El grupo de Bennett, en asociación con Friends of the Everglades, está librando una batalla Sentencia del Tribunal de Apelación El mes pasado anuló una decisión de un tribunal de distrito de agosto que ordenaba el cierre de Alligator Alcatraz”.
El abogado Paul Schoep, que representa a las partes, dijo que la batalla legal continuará incluso si el campo está cerrado.
“Si bien es una buena noticia que la gente ya no estará confinada inhumanamente en estas instalaciones, el daño causado por este esfuerzo imprudente y mal concebido no puede simplemente abandonarse y olvidarse”, afirmó.
“Este proyecto se llevó a cabo imprudentemente sin ninguna consideración significativa por el paisaje remoto, ecológicamente sensible y ecológicamente frágil en el que se impuso. Las cercas, la iluminación, el pavimento y otras infraestructuras, todas construidas sin permisos, revisiones o análisis ambientales, deben eliminarse, y cualquier daño duradero debe remediarse”.
Los políticos demócratas de Florida celebraron su aparentemente inminente cierre.

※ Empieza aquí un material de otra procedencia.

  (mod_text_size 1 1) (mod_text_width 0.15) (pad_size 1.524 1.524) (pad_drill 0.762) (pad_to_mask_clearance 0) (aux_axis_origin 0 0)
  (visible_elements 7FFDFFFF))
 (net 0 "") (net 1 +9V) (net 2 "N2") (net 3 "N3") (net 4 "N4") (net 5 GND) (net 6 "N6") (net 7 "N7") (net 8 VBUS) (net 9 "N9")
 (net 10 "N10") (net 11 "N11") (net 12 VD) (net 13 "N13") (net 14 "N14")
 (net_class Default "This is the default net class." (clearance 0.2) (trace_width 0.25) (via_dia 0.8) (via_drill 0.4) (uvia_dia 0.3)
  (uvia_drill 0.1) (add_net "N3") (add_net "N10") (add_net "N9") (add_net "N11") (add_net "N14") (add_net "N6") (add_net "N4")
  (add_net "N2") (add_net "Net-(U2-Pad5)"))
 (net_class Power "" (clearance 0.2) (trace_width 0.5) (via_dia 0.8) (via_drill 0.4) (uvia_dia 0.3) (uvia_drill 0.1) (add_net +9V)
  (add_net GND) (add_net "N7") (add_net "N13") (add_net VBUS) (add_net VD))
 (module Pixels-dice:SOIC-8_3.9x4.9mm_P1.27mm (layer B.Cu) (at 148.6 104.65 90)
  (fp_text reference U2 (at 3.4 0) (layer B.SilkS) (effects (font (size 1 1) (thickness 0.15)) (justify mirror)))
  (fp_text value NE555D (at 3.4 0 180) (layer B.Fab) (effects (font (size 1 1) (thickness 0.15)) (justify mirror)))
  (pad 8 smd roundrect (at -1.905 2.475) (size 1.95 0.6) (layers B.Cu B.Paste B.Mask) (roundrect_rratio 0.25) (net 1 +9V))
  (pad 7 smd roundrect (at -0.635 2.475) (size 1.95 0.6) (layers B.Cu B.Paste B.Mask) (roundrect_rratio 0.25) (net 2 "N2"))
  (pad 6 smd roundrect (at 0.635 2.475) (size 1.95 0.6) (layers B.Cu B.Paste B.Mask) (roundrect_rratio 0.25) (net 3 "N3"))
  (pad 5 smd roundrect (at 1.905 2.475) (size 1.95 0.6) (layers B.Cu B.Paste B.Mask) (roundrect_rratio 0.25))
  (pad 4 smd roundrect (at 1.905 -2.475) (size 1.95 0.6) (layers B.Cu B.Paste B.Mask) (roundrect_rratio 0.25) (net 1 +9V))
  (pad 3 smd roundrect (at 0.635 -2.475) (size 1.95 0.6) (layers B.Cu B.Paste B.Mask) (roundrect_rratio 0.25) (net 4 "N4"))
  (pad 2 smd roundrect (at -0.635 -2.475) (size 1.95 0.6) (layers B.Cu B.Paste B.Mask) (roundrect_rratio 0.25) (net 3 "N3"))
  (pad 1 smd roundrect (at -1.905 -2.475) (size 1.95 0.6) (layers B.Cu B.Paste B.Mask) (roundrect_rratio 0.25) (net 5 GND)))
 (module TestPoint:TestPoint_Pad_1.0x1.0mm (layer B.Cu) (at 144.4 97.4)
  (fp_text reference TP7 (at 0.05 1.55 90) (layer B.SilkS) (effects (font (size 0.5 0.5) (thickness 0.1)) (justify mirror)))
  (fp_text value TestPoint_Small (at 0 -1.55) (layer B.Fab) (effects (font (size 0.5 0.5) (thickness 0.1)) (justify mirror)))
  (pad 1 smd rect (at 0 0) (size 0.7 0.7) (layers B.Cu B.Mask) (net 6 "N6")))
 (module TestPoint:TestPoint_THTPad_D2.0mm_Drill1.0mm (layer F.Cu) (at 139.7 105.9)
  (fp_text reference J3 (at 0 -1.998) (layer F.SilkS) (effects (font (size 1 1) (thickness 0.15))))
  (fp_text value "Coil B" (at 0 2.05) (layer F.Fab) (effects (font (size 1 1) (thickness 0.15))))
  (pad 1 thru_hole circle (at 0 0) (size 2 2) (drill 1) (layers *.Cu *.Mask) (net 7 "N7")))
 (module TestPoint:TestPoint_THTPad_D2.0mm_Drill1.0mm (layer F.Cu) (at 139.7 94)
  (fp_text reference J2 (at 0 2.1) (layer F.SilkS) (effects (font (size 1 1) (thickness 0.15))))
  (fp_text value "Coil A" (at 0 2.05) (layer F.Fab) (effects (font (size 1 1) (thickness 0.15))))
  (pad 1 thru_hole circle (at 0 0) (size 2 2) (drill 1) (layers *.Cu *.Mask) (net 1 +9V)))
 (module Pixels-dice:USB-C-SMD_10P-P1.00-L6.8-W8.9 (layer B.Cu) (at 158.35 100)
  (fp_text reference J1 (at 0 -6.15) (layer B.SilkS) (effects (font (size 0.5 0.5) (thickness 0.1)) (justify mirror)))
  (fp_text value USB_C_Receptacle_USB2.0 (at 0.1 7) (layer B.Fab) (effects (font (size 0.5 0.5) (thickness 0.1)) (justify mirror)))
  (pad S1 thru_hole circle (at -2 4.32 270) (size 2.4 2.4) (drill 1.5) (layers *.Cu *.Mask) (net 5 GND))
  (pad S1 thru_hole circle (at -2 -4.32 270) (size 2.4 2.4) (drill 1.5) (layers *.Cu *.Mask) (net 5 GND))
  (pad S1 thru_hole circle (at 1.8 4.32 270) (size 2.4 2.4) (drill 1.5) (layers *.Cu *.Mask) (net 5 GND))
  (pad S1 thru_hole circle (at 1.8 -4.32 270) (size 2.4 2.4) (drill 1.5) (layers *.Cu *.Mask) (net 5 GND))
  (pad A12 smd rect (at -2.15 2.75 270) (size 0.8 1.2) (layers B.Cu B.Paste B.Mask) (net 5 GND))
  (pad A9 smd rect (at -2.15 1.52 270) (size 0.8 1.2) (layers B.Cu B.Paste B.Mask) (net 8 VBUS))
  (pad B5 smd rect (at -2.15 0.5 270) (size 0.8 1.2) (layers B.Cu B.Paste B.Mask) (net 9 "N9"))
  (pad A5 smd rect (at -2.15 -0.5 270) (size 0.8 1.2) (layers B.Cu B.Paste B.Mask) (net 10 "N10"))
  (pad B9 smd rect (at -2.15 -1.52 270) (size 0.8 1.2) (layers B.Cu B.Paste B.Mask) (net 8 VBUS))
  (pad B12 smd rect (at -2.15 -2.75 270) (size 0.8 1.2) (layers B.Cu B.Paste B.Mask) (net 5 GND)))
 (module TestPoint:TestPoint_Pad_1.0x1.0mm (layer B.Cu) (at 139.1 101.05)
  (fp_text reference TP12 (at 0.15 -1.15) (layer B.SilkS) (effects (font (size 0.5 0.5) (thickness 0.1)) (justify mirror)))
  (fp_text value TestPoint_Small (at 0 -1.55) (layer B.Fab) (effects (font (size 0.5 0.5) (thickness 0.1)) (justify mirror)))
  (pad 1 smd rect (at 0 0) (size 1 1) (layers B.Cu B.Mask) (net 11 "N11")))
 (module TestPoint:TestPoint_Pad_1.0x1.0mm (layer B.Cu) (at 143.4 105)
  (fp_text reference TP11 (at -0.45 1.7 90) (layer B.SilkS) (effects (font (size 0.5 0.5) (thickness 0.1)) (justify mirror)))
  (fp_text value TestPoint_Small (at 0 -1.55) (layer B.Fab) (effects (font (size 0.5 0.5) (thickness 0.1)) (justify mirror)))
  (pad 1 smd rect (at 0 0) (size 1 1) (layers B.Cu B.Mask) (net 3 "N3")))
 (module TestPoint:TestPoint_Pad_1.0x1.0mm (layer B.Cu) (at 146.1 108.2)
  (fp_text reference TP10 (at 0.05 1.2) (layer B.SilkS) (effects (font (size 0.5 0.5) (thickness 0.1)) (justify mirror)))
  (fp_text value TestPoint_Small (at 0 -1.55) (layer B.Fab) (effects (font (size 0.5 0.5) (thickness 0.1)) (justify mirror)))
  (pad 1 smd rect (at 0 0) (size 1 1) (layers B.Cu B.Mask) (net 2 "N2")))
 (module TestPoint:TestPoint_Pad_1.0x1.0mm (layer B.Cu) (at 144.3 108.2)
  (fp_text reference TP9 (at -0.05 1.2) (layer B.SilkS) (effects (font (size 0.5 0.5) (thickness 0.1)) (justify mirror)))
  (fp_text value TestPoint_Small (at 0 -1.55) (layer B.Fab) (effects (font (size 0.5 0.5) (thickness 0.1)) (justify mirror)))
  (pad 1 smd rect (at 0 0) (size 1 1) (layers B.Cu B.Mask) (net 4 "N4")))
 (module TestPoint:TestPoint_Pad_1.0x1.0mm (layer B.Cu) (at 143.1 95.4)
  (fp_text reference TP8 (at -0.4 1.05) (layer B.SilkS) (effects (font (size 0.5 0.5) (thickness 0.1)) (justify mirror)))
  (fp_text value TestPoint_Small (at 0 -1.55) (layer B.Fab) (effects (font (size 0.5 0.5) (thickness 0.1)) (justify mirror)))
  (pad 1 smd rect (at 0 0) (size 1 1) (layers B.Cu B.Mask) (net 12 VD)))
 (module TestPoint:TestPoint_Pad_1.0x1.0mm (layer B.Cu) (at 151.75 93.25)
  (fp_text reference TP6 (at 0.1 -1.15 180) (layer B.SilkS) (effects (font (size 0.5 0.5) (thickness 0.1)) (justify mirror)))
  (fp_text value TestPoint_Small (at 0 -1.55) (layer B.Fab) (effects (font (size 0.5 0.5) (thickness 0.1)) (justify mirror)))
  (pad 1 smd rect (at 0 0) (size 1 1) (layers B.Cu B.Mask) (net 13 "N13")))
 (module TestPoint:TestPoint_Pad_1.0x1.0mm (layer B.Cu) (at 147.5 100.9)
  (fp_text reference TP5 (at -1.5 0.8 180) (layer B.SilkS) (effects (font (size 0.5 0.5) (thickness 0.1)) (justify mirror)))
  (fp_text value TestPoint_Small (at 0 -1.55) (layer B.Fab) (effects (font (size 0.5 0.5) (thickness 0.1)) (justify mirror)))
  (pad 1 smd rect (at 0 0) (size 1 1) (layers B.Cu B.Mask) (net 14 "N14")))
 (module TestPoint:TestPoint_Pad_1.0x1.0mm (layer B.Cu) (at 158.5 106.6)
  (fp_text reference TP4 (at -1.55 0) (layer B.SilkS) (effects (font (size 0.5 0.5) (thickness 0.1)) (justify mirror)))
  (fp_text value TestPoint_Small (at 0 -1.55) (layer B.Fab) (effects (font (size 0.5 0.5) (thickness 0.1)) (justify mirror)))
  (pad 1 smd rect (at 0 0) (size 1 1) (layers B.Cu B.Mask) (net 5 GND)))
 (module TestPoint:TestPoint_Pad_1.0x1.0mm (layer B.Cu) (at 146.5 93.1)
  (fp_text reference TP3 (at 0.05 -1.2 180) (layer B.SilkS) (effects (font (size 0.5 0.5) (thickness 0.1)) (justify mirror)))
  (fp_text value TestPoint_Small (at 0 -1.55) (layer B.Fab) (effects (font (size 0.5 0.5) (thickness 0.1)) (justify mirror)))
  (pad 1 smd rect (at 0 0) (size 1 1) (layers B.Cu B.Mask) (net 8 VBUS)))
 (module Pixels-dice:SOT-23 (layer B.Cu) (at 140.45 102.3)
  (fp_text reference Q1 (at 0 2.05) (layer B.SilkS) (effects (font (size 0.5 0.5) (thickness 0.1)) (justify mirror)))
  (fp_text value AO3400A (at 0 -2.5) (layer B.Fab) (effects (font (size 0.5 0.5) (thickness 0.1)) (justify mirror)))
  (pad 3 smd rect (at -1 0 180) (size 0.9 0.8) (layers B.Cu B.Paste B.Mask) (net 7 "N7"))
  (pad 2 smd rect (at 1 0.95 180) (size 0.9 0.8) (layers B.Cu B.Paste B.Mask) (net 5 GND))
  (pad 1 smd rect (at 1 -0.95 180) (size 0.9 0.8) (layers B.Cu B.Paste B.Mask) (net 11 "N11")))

“El cierre del campo de internamiento de los Everglades es algo que debería haberse hecho hace mucho tiempo”, dijo la representante estadounidense Debbie Wasserman Schultz. en una declaración.
“Este monumento a la crueldad, el despilfarro y el abuso ambiental y de las tierras tribales nunca debería haberse construido. En mi visita sorpresa el mes pasado, vi la atrocidad de que los contribuyentes de Florida se vieran obligados a gastar 1 millón de dólares al día para enjaular a personas sin antecedentes penales y pisotear nuestros sensibles Everglades.

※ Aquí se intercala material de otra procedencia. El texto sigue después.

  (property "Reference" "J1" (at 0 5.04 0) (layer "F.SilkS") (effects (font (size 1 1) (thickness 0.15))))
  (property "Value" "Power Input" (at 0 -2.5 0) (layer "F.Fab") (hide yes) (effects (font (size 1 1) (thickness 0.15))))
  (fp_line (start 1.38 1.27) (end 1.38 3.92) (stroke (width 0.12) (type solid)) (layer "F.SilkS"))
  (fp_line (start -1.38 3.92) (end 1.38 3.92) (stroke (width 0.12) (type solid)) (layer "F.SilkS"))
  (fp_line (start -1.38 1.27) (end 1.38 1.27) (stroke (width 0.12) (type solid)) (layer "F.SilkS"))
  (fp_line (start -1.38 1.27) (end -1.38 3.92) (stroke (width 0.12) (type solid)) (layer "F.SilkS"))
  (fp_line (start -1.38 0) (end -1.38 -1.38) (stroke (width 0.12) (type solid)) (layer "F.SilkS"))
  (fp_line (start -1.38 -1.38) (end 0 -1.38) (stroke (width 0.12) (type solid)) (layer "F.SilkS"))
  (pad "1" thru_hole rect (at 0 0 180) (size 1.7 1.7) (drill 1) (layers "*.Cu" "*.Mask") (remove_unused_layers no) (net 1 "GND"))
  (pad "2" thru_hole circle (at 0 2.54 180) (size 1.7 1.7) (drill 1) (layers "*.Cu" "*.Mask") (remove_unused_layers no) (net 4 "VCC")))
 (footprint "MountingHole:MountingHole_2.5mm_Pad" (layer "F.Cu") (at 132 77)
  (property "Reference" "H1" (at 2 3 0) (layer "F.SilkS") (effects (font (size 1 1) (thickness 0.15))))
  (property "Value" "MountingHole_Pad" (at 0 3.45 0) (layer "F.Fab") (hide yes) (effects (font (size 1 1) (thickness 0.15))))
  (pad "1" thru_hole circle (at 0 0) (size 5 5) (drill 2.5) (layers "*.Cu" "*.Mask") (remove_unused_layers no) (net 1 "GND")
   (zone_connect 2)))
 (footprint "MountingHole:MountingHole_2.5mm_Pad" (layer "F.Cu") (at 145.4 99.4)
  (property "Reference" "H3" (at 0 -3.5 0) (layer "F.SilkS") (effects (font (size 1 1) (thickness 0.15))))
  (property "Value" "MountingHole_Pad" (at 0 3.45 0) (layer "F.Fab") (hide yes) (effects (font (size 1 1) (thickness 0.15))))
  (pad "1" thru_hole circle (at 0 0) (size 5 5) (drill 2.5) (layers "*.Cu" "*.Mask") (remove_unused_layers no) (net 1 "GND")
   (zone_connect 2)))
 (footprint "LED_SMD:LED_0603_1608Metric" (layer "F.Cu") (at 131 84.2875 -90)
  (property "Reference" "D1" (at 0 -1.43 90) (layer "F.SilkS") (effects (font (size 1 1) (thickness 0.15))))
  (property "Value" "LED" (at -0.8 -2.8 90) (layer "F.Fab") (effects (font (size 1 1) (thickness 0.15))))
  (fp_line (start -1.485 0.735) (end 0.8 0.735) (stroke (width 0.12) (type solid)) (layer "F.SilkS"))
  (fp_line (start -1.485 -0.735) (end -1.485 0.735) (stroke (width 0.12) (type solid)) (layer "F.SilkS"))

“Este campo no se está cerrando porque los líderes de ICE hayan encontrado una conciencia. Se está cerrando porque la administración Trump todavía se niega a devolver más de mil millones de dólares en dólares de impuestos a los contribuyentes de Florida que básicamente prendieron fuego”.
Maxwell Frost, otro representante estadounidense que se ha opuesto abiertamente al funcionamiento de la instalación, condenó lo que llamó “un experimento fallido sobre el sufrimiento humano”.
Dijo en un comunicado: “Desde el día en que abrió Alligator Alcatraz, he estado supervisando las condiciones inhumanas dentro de las instalaciones, y he regresado una y otra vez para exponer lo que está sucediendo y luchar para detenerlo.
“Las personas fueron sometidas a condiciones horribles, se les negó la dignidad y se las trató como menos que humanas en una instalación que nunca debería haber estado allí. Los floridanos merecen ser responsabilizados por cada dólar desperdiciado y cada abuso que ocurre detrás de esas puertas”.
Workers’ Circle, un grupo de defensa con sede en Nueva York, dijo que continuaría las vigilias en Alligator Alcatraz todos los fines de semana hasta que el último prisionero se vaya y el campo sea desmantelado.
“Esto no puede ser Estados Unidos”, dijo Noel Damico, director del grupo de justicia social.
“La única opción era luchar contra este centro de detención, arrojar luz sobre su brutalidad, exigir su cierre y detener el secuestro, la detención, la desaparición y la deportación de nuestros vecinos, familiares y amigos”.
Damico dijo que su grupo ha ayudado a replicar la vigilancia en al menos otros 18 “sitios dañados”, incluidos centros de detención, tribunales de ICE y cárceles de condado.
“Nuestra nación debe dejar de replicar este modelo en otros lugares y realizar una investigación completa de la corrupción, el abuso y la especulación”, dijo.
El Heraldo de Miami Informe del año pasado Muchas de las empresas privadas que ganaron el contrato de Alligator Alcatraz han donado a DeSantis u otros políticos republicanos.